▶ [Task goal]
Your answer should consist only of the lines below from the one with "X175742000Y-91742000D02*" through the one with "X176.73Y-66.5", copied exactly.
======== Source material ========
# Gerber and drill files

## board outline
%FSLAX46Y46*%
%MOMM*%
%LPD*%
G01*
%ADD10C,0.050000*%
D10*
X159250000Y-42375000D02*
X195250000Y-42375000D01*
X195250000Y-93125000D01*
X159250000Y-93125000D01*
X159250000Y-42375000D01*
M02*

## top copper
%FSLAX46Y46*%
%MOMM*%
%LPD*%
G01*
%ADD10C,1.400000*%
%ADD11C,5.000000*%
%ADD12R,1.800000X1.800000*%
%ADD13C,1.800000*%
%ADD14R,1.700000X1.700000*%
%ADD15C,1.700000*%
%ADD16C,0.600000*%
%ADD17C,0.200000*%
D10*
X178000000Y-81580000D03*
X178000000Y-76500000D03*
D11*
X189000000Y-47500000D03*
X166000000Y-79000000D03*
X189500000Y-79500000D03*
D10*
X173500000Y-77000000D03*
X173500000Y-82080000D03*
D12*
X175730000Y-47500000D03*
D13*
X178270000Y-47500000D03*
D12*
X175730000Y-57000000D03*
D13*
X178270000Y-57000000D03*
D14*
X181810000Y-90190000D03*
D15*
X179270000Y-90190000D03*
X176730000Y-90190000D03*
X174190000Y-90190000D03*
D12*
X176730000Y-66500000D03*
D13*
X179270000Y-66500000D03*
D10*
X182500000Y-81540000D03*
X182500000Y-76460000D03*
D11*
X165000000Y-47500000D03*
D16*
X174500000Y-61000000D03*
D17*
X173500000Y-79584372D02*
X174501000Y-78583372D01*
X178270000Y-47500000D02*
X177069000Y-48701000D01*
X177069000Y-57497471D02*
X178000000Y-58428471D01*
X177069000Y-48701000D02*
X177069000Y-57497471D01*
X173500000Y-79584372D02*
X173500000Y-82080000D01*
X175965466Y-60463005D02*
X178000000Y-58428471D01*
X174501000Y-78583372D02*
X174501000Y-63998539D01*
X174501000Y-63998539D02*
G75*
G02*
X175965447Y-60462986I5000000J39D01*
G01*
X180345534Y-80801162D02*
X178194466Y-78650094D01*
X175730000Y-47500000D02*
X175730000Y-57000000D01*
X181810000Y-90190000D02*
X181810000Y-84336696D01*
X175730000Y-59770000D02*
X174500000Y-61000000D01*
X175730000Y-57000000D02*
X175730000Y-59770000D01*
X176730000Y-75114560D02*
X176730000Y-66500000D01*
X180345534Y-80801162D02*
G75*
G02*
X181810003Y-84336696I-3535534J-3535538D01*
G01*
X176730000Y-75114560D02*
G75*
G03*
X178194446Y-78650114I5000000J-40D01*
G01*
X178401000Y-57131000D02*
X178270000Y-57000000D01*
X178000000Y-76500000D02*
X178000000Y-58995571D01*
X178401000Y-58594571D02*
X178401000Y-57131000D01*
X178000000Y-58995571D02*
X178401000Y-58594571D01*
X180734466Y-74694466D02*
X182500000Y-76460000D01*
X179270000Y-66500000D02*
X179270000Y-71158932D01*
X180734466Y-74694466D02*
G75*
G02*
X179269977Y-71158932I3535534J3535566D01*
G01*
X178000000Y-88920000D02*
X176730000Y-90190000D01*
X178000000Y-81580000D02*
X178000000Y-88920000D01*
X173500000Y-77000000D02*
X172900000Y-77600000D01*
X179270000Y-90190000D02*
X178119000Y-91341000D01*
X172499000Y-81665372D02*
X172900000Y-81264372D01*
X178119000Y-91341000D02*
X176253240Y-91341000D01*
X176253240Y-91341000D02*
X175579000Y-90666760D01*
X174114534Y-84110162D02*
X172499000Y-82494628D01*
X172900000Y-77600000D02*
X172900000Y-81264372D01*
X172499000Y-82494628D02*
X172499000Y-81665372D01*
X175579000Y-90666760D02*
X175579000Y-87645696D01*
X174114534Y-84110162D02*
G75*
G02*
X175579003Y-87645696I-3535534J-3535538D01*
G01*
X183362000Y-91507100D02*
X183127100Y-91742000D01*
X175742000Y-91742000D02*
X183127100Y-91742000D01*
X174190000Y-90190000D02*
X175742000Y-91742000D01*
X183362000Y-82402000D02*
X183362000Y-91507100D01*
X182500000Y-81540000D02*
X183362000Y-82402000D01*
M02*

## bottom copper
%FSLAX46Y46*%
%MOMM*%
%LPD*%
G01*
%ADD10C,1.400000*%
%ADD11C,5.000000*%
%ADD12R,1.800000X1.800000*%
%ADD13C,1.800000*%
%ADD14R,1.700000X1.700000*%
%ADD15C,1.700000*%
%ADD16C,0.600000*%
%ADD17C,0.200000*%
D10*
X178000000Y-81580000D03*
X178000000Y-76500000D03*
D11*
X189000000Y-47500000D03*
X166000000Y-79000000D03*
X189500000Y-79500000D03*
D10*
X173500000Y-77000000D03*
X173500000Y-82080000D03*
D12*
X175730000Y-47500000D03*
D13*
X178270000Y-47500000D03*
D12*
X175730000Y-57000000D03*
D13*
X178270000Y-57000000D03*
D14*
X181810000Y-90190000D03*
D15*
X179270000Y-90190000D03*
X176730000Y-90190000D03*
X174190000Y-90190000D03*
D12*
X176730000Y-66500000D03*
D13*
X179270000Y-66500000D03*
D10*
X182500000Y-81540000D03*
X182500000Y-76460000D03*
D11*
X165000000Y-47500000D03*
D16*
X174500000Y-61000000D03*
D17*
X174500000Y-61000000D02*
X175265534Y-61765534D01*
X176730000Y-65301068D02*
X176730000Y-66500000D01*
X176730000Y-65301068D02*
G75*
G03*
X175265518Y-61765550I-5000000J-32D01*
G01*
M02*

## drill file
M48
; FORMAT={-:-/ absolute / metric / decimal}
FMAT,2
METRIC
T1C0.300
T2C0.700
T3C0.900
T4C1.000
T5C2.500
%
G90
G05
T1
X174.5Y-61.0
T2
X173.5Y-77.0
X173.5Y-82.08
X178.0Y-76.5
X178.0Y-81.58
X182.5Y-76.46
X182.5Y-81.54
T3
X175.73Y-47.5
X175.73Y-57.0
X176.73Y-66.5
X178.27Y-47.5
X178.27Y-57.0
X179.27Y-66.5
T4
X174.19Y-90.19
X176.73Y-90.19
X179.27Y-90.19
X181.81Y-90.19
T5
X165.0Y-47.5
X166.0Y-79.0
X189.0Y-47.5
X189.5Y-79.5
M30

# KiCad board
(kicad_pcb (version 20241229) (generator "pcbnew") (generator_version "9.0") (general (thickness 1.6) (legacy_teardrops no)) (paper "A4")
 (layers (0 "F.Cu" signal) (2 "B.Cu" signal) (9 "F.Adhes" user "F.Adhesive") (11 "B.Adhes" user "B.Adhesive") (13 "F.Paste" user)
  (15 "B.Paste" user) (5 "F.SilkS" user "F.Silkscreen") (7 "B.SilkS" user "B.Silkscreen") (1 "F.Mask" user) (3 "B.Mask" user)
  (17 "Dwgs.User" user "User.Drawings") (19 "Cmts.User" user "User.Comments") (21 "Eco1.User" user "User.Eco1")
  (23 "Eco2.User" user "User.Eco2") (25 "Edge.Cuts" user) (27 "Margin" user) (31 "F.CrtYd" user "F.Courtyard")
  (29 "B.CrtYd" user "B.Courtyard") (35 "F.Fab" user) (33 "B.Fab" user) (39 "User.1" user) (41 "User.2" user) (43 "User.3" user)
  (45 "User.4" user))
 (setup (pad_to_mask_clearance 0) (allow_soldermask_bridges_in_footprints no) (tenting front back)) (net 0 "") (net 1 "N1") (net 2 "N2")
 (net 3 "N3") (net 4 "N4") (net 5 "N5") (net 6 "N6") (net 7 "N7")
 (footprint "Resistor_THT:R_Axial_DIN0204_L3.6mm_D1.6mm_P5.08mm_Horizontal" (layer "F.Cu") (at 178 81.58 90)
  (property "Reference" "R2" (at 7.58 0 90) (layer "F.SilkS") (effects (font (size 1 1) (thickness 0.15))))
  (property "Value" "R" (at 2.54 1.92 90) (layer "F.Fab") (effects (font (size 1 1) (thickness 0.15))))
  (pad "1" thru_hole circle (at 0 0 90) (size 1.4 1.4) (drill 0.7) (layers "*.Cu" "*.Mask") (remove_unused_layers no) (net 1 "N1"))
  (pad "2" thru_hole circle (at 5.08 0 90) (size 1.4 1.4) (drill 0.7) (layers "*.Cu" "*.Mask") (remove_unused_layers no) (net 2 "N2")))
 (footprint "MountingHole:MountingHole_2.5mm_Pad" (layer "F.Cu") (at 189 47.5)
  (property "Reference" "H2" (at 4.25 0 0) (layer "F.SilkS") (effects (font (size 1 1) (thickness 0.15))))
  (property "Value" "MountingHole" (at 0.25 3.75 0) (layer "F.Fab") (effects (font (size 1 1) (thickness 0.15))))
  (pad "1" thru_hole circle (at 0 0) (size 5 5) (drill 2.5) (layers "*.Cu" "*.Mask") (remove_unused_layers no) (zone_connect 2)))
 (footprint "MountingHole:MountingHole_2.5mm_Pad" (layer "F.Cu") (at 166 79)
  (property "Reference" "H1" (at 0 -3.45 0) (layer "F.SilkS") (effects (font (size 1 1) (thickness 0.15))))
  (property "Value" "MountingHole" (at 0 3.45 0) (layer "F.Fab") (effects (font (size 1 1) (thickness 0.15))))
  (pad "1" thru_hole circle (at 0 0) (size 5 5) (drill 2.5) (layers "*.Cu" "*.Mask") (remove_unused_layers no) (zone_connect 2)))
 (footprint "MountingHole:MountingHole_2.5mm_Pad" (layer "F.Cu") (at 189.5 79.5)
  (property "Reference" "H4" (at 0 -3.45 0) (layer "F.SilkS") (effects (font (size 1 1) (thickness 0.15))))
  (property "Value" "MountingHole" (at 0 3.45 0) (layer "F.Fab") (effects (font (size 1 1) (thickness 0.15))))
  (pad "1" thru_hole circle (at 0 0) (size 5 5) (drill 2.5) (layers "*.Cu" "*.Mask") (remove_unused_layers no) (zone_connect 2)))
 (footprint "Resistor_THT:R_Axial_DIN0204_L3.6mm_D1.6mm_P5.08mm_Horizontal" (layer "F.Cu") (at 173.5 77 -90)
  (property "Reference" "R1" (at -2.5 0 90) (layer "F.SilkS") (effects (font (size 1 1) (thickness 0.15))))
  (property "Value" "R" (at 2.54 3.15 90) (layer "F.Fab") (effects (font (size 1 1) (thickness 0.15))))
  (pad "1" thru_hole circle (at 0 0 270) (size 1.4 1.4) (drill 0.7) (layers "*.Cu" "*.Mask") (remove_unused_layers no) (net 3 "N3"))
  (pad "2" thru_hole circle (at 5.08 0 270) (size 1.4 1.4) (drill 0.7) (layers "*.Cu" "*.Mask") (remove_unused_layers no) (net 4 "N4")))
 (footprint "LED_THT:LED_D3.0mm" (layer "F.Cu") (at 175.73 47.5)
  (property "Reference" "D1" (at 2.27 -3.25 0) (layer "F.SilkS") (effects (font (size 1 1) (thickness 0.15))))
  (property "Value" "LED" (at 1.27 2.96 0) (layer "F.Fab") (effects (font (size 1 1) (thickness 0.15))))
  (pad "1" thru_hole rect (at 0 0) (size 1.8 1.8) (drill 0.9) (layers "*.Cu" "*.Mask") (remove_unused_layers no) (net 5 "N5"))
  (pad "2" thru_hole circle (at 2.54 0) (size 1.8 1.8) (drill 0.9) (layers "*.Cu" "*.Mask") (remove_unused_layers no) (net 4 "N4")))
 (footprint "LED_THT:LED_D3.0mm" (layer "F.Cu") (at 175.73 57)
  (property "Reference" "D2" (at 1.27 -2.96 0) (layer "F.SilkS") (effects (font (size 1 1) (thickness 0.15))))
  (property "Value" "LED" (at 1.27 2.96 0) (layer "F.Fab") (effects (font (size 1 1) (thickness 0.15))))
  (pad "1" thru_hole rect (at 0 0) (size 1.8 1.8) (drill 0.9) (layers "*.Cu" "*.Mask") (remove_unused_layers no) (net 5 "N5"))
  (pad "2" thru_hole circle (at 2.54 0) (size 1.8 1.8) (drill 0.9) (layers "*.Cu" "*.Mask") (remove_unused_layers no) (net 2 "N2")))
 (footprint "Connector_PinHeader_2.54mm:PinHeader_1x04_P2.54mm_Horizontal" (layer "F.Cu") (at 181.81 90.19 -90)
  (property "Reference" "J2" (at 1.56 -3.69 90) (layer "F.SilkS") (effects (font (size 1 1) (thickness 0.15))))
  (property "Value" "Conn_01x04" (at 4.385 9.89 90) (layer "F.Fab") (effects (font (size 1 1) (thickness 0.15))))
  (pad "1" thru_hole rect (at 0 0 270) (size 1.7 1.7) (drill 1) (layers "*.Cu" "*.Mask") (remove_unused_layers no) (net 5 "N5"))
  (pad "2" thru_hole circle (at 0 2.54 270) (size 1.7 1.7) (drill 1) (layers "*.Cu" "*.Mask") (remove_unused_layers no) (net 3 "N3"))
  (pad "3" thru_hole circle (at 0 5.08 270) (size 1.7 1.7) (drill 1) (layers "*.Cu" "*.Mask") (remove_unused_layers no) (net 1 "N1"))
  (pad "4" thru_hole circle (at 0 7.62 270) (size 1.7 1.7) (drill 1) (layers "*.Cu" "*.Mask") (remove_unused_layers no) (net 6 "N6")))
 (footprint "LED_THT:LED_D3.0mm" (layer "F.Cu") (at 176.73 66.5)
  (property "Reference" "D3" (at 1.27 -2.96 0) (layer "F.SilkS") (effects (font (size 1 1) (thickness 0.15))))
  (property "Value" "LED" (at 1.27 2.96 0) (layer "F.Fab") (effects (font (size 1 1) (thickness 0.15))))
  (pad "1" thru_hole rect (at 0 0) (size 1.8 1.8) (drill 0.9) (layers "*.Cu" "*.Mask") (remove_unused_layers no) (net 5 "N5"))
  (pad "2" thru_hole circle (at 2.54 0) (size 1.8 1.8) (drill 0.9) (layers "*.Cu" "*.Mask") (remove_unused_layers no) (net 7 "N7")))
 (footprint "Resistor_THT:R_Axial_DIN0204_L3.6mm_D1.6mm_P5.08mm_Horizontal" (layer "F.Cu") (at 182.5 81.54 90)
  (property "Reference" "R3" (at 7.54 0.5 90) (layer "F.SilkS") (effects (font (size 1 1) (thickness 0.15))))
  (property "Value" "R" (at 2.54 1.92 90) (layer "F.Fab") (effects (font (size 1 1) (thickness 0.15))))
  (pad "1" thru_hole circle (at 0 0 90) (size 1.4 1.4) (drill 0.7) (layers "*.Cu" "*.Mask") (remove_unused_layers no) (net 6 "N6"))
  (pad "2" thru_hole circle (at 5.08 0 90) (size 1.4 1.4) (drill 0.7) (layers "*.Cu" "*.Mask") (remove_unused_layers no) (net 7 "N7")))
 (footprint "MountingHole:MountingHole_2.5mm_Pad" (layer "F.Cu") (at 165 47.5)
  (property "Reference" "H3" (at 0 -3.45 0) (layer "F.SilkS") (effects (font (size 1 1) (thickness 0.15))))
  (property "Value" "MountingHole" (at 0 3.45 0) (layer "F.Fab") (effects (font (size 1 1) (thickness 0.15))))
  (pad "1" thru_hole circle (at 0 0) (size 5 5) (drill 2.5) (layers "*.Cu" "*.Mask") (remove_unused_layers no) (zone_connect 2)))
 (gr_rect (start 159.25 42.375) (end 195.25 93.125) (stroke (width 0.05) (type default)) (fill no) (layer "Edge.Cuts"))
 (segment (start 173.5 79.584372) (end 174.501 78.583372) (width 0.2) (layer "F.Cu") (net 4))
 (segment (start 178.27 47.5) (end 177.069 48.701) (width 0.2) (layer "F.Cu") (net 4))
========
▶ [Completed task]
X175742000Y-91742000D02*
X183127100Y-91742000D01*
X174190000Y-90190000D02*
X175742000Y-91742000D01*
X183362000Y-82402000D02*
X183362000Y-91507100D01*
X182500000Y-81540000D02*
X183362000Y-82402000D01*
M02*

## bottom copper
%FSLAX46Y46*%
%MOMM*%
%LPD*%
G01*
%ADD10C,1.400000*%
%ADD11C,5.000000*%
%ADD12R,1.800000X1.800000*%
%ADD13C,1.800000*%
%ADD14R,1.700000X1.700000*%
%ADD15C,1.700000*%
%ADD16C,0.600000*%
%ADD17C,0.200000*%
D10*
X178000000Y-81580000D03*
X178000000Y-76500000D03*
D11*
X189000000Y-47500000D03*
X166000000Y-79000000D03*
X189500000Y-79500000D03*
D10*
X173500000Y-77000000D03*
X173500000Y-82080000D03*
D12*
X175730000Y-47500000D03*
D13*
X178270000Y-47500000D03*
D12*
X175730000Y-57000000D03*
D13*
X178270000Y-57000000D03*
D14*
X181810000Y-90190000D03*
D15*
X179270000Y-90190000D03*
X176730000Y-90190000D03*
X174190000Y-90190000D03*
D12*
X176730000Y-66500000D03*
D13*
X179270000Y-66500000D03*
D10*
X182500000Y-81540000D03*
X182500000Y-76460000D03*
D11*
X165000000Y-47500000D03*
D16*
X174500000Y-61000000D03*
D17*
X174500000Y-61000000D02*
X175265534Y-61765534D01*
X176730000Y-65301068D02*
X176730000Y-66500000D01*
X176730000Y-65301068D02*
G75*
G03*
X175265518Y-61765550I-5000000J-32D01*
G01*
M02*

## drill file
M48
; FORMAT={-:-/ absolute / metric / decimal}
FMAT,2
METRIC
T1C0.300
T2C0.700
T3C0.900
T4C1.000
T5C2.500
%
G90
G05
T1
X174.5Y-61.0
T2
X173.5Y-77.0
X173.5Y-82.08
X178.0Y-76.5
X178.0Y-81.58
X182.5Y-76.46
X182.5Y-81.54
T3
X175.73Y-47.5
X175.73Y-57.0
X176.73Y-66.5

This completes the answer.